Le zéro a-t-il toujours existé ?

Les mathématiciens grecs, pourtant pas nuls puisqu’ils nous ont laissé des myriades de charmants théorèmes, refusaient l’existence du zéro. Pour Aristote, puisque le vide n’existe pas, il n’y a pas besoin de le nommer. Allez, zou, c’est réglé !

Car c’est justement du besoin de signaler une absence qu’est née la première forme de zéro chez les Babyloniens, au IIIe siècle avant Jésus-Christ. Les Babyloniens comptaient en base 60 avec l’aide de petits symboles qui prenaient une valeur différente suivant leur position et suivant s’ils étaient soudés ou séparés par un espace. Un signe spécial pour indiquer l’absence par exemple de soixantaine dans un grand nombre, s’est vite imposé pour éviter toute confusion.

Pratique cette invention du zéro, pour indiquer l’absence ! C’est ce que nous faisons aujourd’hui dans 103 pour signaler qu’il n’y a aucune dizaine après la centaine. C’est donc d’abord à cela que sert le zéro : indiquer une place vacante dans un système de numération de position.

Ce sont les Indiens qui vont inventer le zéro en tant que chiffre à part entière qui nous prend la tête en arithmétique (peut-on multiplier et diviser par zéro ). Et cela montre à quel point les mathématiques sont proches de la philosophie. En effet dans la conception hindouiste du monde, le vide et l’infini ont une place entière et même centrale : ils décident donc d’accorder au zéro la valeur de nombre et d’ouvrir ainsi la boîte de Pandore des mathématiques. Car, s’il y a un zéro, on peut alors créer des nombres négatifs ! Et c’est là que commencent les problèmes du cancre : le zéro est finalement ce qui autorise aux mathématiques contemporaines leur dose d’abstraction, car il y a une nette différence entre s’en servir seulement comme d’une marque d’absence, comme à Babylone, ou comme d’un chiffre.

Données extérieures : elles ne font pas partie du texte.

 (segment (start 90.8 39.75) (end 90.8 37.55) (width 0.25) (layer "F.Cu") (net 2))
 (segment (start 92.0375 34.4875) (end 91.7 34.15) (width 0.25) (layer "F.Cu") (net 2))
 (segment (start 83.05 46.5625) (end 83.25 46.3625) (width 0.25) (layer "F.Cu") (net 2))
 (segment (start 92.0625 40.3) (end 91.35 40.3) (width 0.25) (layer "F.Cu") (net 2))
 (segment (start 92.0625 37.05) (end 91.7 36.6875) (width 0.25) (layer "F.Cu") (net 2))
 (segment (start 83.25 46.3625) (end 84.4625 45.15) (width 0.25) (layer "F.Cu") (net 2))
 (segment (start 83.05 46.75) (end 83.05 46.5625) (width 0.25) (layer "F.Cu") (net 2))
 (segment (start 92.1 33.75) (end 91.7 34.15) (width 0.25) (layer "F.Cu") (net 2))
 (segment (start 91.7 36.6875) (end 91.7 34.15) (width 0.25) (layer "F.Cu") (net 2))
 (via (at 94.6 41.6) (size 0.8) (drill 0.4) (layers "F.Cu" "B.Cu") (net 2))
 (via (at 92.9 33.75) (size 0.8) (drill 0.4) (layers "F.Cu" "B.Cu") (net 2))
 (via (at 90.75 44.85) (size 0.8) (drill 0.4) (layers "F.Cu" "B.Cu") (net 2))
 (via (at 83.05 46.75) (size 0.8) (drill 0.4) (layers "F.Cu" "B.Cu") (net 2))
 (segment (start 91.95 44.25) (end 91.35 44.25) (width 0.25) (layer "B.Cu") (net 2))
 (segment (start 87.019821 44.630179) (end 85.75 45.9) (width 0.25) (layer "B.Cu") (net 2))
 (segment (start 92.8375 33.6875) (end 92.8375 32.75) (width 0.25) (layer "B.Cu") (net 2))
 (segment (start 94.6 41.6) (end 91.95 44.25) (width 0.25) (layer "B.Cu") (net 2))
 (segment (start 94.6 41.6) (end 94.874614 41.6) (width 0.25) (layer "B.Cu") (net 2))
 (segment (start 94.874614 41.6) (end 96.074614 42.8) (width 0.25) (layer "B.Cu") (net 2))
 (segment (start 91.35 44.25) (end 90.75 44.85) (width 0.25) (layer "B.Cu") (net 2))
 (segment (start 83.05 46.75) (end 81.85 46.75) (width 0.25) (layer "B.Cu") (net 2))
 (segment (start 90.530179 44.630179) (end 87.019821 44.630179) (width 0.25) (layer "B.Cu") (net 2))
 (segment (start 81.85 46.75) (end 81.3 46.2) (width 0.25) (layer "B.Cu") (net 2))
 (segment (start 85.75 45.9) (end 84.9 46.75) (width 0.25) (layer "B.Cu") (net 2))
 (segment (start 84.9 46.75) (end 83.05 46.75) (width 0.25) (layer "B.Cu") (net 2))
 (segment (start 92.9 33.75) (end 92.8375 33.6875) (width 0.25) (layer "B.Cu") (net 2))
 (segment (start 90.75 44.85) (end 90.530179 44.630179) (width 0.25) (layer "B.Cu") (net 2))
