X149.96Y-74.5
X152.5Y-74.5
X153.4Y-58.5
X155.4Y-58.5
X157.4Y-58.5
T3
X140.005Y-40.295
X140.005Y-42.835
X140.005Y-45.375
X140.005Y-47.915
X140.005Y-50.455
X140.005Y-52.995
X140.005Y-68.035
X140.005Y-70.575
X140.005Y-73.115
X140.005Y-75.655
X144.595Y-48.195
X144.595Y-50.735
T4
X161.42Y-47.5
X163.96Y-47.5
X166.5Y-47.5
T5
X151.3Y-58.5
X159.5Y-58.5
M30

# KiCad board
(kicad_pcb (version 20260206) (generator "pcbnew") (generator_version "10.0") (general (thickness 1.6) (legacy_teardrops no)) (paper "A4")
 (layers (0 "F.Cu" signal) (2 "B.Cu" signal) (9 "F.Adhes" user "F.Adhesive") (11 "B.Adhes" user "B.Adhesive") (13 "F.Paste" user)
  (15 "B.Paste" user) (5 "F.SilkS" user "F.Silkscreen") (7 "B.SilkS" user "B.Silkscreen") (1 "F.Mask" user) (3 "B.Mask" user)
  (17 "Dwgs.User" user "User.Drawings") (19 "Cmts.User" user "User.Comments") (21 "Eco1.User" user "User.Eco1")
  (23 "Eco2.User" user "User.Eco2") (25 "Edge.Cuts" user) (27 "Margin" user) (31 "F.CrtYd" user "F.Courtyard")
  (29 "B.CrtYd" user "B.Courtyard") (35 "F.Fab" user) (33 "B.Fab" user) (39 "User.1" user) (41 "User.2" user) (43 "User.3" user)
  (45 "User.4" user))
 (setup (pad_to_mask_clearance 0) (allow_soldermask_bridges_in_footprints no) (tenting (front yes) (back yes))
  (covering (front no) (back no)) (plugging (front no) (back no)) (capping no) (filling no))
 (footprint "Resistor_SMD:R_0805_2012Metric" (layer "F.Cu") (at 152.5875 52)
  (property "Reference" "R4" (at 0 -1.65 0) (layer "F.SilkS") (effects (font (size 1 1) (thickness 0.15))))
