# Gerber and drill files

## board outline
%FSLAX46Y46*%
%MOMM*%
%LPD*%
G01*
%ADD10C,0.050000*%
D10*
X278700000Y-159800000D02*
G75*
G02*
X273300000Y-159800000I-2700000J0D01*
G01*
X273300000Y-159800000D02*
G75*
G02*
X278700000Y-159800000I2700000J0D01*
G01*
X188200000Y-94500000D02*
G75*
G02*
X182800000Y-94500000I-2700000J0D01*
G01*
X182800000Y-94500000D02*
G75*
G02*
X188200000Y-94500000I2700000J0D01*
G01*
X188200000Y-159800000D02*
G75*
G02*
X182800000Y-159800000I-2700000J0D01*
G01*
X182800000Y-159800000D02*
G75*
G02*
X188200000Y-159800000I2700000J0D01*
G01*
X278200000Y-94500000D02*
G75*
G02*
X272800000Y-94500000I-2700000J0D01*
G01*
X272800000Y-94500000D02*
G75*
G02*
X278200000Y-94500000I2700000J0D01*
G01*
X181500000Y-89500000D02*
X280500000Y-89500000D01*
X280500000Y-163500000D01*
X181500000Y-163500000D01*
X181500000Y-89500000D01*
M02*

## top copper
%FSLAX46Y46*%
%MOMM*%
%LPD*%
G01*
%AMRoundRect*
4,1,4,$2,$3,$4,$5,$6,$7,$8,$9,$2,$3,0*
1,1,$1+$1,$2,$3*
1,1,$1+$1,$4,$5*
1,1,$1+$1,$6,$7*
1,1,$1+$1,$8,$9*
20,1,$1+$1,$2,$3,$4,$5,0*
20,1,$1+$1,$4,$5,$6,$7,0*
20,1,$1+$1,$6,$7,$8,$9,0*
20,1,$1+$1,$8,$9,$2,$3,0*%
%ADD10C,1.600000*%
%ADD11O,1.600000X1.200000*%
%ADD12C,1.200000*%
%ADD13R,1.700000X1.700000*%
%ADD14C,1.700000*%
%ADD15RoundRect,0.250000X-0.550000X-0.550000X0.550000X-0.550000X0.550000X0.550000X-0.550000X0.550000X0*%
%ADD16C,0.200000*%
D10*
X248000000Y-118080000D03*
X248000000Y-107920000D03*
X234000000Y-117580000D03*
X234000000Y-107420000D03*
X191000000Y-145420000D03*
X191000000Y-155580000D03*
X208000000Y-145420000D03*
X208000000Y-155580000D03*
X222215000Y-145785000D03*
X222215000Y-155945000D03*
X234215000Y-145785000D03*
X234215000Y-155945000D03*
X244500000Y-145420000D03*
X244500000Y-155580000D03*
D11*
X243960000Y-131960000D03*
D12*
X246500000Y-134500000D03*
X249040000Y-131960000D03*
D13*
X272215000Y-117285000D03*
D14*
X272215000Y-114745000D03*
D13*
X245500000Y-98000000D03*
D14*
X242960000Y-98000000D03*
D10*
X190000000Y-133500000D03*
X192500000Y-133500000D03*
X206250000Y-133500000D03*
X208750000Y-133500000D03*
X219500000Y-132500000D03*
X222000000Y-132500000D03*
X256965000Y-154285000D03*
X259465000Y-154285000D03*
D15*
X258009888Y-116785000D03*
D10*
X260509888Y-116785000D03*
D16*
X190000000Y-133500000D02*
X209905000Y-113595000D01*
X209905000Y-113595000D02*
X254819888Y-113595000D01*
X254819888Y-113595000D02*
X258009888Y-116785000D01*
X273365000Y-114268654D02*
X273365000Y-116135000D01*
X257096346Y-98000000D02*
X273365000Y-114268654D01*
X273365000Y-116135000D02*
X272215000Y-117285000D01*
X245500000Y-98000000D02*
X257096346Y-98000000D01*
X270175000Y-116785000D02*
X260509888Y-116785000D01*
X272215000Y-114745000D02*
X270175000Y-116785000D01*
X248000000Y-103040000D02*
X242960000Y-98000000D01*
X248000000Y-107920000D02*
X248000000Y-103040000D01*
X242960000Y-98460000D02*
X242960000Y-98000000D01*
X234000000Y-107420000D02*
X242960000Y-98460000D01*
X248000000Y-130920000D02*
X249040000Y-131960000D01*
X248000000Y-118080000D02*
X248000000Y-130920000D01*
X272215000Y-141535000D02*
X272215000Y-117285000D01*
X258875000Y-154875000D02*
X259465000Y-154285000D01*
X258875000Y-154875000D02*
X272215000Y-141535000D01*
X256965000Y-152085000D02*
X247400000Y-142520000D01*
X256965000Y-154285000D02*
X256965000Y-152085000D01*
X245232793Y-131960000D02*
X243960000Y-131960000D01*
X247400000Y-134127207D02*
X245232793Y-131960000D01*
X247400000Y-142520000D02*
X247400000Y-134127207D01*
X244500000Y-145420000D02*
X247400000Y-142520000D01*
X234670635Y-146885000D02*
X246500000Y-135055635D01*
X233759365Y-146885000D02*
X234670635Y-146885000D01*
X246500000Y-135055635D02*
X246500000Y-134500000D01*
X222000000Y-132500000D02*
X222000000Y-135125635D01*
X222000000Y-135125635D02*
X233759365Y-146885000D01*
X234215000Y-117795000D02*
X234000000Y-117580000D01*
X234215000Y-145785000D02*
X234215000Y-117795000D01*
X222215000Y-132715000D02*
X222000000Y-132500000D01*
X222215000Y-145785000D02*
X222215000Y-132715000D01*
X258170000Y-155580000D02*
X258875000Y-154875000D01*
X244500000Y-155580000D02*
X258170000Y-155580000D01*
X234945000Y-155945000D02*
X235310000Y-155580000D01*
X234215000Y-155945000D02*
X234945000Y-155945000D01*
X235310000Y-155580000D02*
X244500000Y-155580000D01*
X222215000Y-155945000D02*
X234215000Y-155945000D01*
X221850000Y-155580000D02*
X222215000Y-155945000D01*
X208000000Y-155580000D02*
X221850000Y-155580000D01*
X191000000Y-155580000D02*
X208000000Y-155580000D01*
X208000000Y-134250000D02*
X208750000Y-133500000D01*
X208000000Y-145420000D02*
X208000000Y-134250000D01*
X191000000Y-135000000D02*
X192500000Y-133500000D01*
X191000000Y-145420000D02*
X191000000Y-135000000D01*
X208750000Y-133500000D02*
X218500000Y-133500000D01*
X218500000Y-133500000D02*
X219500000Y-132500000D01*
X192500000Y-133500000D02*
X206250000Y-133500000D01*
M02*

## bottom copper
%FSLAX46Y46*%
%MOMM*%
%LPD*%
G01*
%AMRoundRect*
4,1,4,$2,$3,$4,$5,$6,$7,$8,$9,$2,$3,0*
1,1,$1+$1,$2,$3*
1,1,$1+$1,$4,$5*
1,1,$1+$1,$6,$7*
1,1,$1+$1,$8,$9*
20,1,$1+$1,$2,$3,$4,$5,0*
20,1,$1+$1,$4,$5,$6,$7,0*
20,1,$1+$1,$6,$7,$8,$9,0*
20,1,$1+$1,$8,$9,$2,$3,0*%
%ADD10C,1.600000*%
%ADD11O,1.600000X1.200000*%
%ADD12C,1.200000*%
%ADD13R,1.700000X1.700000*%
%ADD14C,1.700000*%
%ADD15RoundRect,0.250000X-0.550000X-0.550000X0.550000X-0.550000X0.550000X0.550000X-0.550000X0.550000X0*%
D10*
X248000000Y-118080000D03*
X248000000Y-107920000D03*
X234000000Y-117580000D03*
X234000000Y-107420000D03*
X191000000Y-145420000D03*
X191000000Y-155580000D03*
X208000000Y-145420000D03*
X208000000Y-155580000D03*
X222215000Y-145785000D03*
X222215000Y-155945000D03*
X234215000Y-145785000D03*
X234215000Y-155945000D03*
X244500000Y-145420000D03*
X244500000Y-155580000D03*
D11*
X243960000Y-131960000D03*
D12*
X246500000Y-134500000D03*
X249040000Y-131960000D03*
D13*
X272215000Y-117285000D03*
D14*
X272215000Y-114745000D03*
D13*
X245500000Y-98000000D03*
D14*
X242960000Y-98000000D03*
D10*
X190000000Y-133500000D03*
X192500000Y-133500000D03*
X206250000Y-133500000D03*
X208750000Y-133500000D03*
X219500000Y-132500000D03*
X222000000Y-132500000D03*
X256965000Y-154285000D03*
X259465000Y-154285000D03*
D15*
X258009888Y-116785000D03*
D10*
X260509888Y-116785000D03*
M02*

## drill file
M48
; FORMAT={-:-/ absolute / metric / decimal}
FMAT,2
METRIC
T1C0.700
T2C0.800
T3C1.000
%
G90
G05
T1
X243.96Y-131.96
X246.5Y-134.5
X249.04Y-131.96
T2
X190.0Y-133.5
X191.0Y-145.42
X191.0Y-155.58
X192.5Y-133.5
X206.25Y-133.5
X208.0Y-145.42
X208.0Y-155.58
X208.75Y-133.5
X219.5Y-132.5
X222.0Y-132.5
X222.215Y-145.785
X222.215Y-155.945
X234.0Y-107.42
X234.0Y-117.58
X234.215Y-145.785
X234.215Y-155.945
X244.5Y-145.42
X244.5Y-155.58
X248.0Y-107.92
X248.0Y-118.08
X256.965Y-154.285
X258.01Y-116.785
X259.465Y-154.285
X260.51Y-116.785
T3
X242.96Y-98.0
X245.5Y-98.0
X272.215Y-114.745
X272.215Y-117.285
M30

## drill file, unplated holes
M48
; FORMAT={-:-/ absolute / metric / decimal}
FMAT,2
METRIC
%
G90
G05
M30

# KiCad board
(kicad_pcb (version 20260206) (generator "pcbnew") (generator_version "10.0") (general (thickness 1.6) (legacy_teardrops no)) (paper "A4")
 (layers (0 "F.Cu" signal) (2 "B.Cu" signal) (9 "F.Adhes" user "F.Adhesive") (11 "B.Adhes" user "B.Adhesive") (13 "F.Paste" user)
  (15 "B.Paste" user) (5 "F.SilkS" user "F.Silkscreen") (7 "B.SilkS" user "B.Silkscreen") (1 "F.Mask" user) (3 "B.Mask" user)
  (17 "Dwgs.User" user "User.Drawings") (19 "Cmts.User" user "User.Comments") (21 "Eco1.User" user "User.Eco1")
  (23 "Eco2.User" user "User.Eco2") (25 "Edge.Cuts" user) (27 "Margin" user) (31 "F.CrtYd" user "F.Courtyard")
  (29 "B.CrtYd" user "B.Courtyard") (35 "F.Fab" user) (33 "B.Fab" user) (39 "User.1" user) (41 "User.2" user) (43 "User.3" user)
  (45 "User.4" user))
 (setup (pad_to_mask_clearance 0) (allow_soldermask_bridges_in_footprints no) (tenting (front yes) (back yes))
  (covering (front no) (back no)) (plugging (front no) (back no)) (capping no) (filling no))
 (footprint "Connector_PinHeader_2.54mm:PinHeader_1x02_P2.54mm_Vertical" (layer "F.Cu") (at 272 118.92 180)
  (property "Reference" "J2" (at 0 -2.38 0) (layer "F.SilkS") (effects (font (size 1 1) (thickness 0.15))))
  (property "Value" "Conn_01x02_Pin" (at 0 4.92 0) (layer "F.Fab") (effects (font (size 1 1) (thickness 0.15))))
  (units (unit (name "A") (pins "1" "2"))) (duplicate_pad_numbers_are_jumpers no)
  (pad "1" thru_hole rect (at 0 0 180) (size 1.7 1.7) (drill 1) (layers "*.Cu" "*.Mask") (remove_unused_layers no) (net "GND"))
  (pad "2" thru_hole circle (at 0 2.54 180) (size 1.7 1.7) (drill 1) (layers "*.Cu" "*.Mask") (remove_unused_layers no)
   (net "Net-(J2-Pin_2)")))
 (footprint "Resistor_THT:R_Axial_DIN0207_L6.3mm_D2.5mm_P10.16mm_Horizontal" (layer "F.Cu") (at 222 147.42 -90)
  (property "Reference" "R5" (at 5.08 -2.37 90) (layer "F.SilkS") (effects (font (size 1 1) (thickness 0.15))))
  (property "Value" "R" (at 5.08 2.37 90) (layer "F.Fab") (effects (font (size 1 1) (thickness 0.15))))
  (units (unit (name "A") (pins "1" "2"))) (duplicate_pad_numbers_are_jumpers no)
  (pad "1" thru_hole circle (at 0 0 270) (size 1.6 1.6) (drill 0.8) (layers "*.Cu" "*.Mask") (remove_unused_layers no) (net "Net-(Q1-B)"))
  (pad "2" thru_hole circle (at 10.16 0 270) (size 1.6 1.6) (drill 0.8) (layers "*.Cu" "*.Mask") (remove_unused_layers no) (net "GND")))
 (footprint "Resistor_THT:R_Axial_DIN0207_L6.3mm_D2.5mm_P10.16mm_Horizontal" (layer "F.Cu") (at 234 147.42 -90)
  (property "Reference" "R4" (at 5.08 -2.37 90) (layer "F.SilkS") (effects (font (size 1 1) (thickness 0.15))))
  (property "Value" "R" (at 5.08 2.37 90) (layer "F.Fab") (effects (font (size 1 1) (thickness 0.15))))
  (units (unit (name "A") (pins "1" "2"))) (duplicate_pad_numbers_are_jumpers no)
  (pad "1" thru_hole circle (at 0 0 270) (size 1.6 1.6) (drill 0.8) (layers "*.Cu" "*.Mask") (remove_unused_layers no) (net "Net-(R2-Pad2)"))
  (pad "2" thru_hole circle (at 10.16 0 270) (size 1.6 1.6) (drill 0.8) (layers "*.Cu" "*.Mask") (remove_unused_layers no) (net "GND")))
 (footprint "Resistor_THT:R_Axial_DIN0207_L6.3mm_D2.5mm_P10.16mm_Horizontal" (layer "F.Cu") (at 247.785 109.555 -90)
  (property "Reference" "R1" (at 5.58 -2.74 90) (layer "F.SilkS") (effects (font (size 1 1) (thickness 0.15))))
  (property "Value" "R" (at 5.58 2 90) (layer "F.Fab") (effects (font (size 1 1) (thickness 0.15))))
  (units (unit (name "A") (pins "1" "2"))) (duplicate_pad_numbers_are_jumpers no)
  (pad "1" thru_hole circle (at 0 0 270) (size 1.6 1.6) (drill 0.8) (layers "*.Cu" "*.Mask") (remove_unused_layers no)
   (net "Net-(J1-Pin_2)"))
  (pad "2" thru_hole circle (at 10.16 0 270) (size 1.6 1.6) (drill 0.8) (layers "*.Cu" "*.Mask") (remove_unused_layers no)
   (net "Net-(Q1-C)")))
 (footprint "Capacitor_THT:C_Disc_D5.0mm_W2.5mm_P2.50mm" (layer "F.Cu") (at 256.75 155.92)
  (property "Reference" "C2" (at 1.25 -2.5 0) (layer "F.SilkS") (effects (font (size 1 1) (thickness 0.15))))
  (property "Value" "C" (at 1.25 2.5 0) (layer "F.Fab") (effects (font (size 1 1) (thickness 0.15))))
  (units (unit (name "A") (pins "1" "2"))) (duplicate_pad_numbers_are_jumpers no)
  (pad "1" thru_hole circle (at 0 0) (size 1.6 1.6) (drill 0.8) (layers "*.Cu" "*.Mask") (remove_unused_layers no) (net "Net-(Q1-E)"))
  (pad "2" thru_hole circle (at 2.5 0) (size 1.6 1.6) (drill 0.8) (layers "*.Cu" "*.Mask") (remove_unused_layers no) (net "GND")))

Les Arabes, au contact avec le monde indien, s’emparèrent du zéro et nous le transmirent, via l’Espagne, au Moyen-Âge. On ne l’intégra que progressivement, ce qui explique qu’il n’y ait pas d’année 0 dans notre calendrier grégorien né bien avant l’arrivée de ce signe en Europe. Et que le XXIe siècle n’ait commencé qu’en 2001. Que d’agitation pour une absence !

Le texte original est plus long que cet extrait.